Taking the Debate on Federalism a Step Forward
Some of the parties, to be honest had no clues as to what the debate was all about, one speaker was literally reading from Lidetu Ayalew’s new book. A lot of them mentioned about “international standards”. There is no such thing called international standard, every federation has its own unique context and there is enough warning that no federation is for transplantation, though lessons can be learned.
EPRDF representatives were more pragmatic focusing on the foundation and strengths of the system, on the merits of devolution and its achievements but were also a bit outdated at least in terms of articulating newly emerging issues, indicated later.

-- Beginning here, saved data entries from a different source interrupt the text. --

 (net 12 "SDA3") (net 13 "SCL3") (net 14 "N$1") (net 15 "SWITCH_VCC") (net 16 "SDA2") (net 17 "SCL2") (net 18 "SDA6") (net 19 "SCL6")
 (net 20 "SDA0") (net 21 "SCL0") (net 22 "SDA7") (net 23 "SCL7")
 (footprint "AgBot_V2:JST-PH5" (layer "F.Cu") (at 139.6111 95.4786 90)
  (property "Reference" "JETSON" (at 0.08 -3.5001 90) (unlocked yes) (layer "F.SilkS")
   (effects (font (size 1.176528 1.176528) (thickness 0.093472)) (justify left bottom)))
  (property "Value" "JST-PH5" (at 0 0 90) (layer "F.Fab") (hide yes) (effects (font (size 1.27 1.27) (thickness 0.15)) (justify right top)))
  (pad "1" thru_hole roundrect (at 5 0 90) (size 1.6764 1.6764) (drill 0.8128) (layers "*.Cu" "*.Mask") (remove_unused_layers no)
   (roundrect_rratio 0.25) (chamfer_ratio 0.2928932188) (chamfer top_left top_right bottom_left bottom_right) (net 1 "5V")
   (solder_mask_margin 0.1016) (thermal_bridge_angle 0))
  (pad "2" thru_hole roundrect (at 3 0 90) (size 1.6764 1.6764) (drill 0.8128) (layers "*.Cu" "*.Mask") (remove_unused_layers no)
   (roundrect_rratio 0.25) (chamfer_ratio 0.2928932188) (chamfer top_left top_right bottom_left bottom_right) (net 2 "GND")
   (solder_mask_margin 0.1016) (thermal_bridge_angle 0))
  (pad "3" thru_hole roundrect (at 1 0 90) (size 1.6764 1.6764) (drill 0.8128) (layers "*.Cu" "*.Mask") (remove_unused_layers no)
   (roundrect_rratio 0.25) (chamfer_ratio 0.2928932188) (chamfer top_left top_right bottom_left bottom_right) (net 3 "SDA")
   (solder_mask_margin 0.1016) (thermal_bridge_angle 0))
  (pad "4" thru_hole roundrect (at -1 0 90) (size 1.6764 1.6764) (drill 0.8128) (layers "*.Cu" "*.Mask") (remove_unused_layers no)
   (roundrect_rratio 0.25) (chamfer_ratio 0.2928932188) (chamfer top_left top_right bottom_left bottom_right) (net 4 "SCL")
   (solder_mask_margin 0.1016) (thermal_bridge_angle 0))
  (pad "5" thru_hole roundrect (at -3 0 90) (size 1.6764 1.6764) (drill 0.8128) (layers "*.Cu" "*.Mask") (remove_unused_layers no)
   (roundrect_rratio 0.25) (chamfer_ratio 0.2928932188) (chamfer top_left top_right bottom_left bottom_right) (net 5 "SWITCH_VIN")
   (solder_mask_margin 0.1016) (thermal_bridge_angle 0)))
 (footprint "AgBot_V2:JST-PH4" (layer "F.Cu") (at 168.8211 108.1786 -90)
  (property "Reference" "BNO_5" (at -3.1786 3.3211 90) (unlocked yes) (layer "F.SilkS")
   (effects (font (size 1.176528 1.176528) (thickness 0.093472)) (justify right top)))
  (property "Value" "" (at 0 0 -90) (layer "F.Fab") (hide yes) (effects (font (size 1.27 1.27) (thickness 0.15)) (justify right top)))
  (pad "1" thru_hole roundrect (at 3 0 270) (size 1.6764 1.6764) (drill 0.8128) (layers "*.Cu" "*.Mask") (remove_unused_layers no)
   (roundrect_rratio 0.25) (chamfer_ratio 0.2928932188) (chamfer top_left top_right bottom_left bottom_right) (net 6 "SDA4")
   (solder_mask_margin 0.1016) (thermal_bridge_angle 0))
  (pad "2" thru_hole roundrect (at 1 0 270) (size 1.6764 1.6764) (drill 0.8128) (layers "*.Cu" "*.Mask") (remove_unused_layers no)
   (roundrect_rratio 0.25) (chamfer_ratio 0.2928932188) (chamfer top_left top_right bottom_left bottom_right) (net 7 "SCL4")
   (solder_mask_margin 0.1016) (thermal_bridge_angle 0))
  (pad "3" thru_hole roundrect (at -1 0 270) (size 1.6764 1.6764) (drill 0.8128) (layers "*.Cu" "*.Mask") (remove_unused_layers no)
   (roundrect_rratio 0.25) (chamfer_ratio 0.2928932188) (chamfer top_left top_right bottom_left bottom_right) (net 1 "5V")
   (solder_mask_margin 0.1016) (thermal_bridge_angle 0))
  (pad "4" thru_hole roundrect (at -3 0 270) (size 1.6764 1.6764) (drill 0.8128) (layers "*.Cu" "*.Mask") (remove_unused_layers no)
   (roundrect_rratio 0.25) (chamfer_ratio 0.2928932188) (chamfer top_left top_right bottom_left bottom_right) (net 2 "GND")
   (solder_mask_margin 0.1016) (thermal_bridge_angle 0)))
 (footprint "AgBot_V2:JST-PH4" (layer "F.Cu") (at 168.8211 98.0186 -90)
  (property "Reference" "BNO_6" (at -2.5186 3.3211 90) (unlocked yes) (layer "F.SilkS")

EDP was more focused, articulate as always but more concerned on the risks of adopting “ethnic based federalism,” impressively as well indicated the paradox in the constitution in terms of the requirements for conducting an amendment (tougher one where every units must consent or at least 6 out of 9 must consent) but easier process for secession where two-third vote of local council plus fifty plus one vote in a referendum is enough.
This does not address though the existential question as to who is the ‘self’ that determines its destiny: is it the particular identity or do other sections of society whose position will be affected significantly also have a say in the process? This question becomes even more relevant to none other than Lidetu himself for he has brought the issue forward using a clear map that indicates the dismemberment of Ethiopia with the secession of Oromia, hence proving that this time around it is not mere secession but total destruction of the Ethiopian state.

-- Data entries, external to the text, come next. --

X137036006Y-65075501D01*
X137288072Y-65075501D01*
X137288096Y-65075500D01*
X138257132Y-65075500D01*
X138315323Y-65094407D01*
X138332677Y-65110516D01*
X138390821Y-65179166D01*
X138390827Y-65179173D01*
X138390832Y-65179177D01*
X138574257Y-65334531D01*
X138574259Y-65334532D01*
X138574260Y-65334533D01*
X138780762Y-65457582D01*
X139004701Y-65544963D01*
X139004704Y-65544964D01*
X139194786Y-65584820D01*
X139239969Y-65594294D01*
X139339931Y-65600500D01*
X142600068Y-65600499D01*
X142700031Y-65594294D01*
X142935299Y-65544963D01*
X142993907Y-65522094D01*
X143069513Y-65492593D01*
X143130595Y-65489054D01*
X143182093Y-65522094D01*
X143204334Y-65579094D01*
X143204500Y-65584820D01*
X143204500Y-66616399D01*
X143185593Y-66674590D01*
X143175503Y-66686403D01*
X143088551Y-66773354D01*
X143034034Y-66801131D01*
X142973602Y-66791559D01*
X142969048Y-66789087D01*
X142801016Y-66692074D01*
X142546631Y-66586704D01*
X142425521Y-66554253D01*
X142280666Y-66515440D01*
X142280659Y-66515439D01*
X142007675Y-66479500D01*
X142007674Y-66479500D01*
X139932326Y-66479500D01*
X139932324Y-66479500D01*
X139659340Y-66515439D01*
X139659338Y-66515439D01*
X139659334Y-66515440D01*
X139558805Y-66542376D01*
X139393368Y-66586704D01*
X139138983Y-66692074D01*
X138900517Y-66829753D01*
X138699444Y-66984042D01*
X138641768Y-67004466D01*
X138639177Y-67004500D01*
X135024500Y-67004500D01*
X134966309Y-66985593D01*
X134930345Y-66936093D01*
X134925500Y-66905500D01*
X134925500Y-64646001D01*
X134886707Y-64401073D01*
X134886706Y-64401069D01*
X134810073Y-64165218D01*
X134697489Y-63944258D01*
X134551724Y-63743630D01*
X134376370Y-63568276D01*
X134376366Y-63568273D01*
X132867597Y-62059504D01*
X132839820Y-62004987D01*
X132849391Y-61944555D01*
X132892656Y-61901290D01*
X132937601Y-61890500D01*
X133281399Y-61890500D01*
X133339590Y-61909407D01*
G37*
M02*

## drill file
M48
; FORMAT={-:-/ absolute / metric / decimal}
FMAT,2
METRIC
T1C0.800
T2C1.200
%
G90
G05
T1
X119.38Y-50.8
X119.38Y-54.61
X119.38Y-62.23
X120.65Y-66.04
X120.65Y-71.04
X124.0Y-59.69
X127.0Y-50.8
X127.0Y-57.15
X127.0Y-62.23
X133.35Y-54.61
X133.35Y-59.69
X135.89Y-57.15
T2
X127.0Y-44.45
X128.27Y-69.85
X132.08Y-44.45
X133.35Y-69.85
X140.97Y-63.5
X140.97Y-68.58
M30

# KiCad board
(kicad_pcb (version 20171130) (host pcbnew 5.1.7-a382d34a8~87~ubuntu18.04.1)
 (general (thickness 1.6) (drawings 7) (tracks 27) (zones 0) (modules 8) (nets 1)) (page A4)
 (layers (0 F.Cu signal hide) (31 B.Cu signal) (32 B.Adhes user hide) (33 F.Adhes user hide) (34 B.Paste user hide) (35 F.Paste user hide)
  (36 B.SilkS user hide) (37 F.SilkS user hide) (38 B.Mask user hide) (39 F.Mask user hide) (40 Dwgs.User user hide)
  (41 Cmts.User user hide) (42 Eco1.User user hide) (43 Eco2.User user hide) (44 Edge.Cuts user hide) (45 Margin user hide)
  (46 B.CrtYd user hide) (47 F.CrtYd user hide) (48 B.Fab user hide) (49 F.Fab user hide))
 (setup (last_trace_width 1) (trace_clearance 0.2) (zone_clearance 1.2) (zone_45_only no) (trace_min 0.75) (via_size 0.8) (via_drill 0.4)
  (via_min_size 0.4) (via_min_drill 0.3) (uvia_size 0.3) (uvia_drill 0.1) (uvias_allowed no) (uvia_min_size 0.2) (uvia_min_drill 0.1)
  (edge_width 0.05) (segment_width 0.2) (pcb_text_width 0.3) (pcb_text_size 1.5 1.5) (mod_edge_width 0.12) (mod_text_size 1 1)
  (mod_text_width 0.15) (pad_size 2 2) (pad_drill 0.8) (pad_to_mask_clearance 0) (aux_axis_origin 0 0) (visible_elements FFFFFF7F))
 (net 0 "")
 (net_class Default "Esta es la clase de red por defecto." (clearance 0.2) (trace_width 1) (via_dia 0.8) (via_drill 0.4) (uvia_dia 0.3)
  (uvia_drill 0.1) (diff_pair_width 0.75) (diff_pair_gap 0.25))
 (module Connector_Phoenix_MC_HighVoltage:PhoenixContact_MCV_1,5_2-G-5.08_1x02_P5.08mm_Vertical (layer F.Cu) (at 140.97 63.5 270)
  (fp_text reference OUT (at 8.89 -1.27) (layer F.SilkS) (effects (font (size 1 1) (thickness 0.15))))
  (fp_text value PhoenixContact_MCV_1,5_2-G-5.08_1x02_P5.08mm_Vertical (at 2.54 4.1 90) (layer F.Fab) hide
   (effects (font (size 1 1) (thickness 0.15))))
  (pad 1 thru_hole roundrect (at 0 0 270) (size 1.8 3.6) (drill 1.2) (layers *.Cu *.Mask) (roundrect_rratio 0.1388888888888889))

I assume that the issue of emerging tensions/conflicts related to border demarcation, minorities within regions, claims for having new regions, new zones, weredas, referendums etc will be debated well in the second part of the debate but still we can put our reflections.
First, there should not be any illusion about the fact that federalism in general and its detail institutional and policy ramifications need a broad based support. As is said, federalism is a covenant between the constituent units and the federal government as well as between the federal government and the voter. These two aspects need to be clear at the outset. Federalism is neither the creation of the units alone (there is a lot of myth in this respect in Ethiopia, Americans 1861-65 and the Swiss 1847 had to go through a costly civil war to clear this confusion), nor of the voters alone. It is not by coincidence that we find two houses in nearly all federations where the voter (in lower house) and the units (in upper house) are represented.
So the conception that it is kind of elite peace making is reductionism to say the least and only one speaks about consociational power sharing and not federalism, if it stops at elite peace making. It hijacks the broad based support needed for it to be effective. Indeed this is crucial element, if missed, would cause the collapse of the federation.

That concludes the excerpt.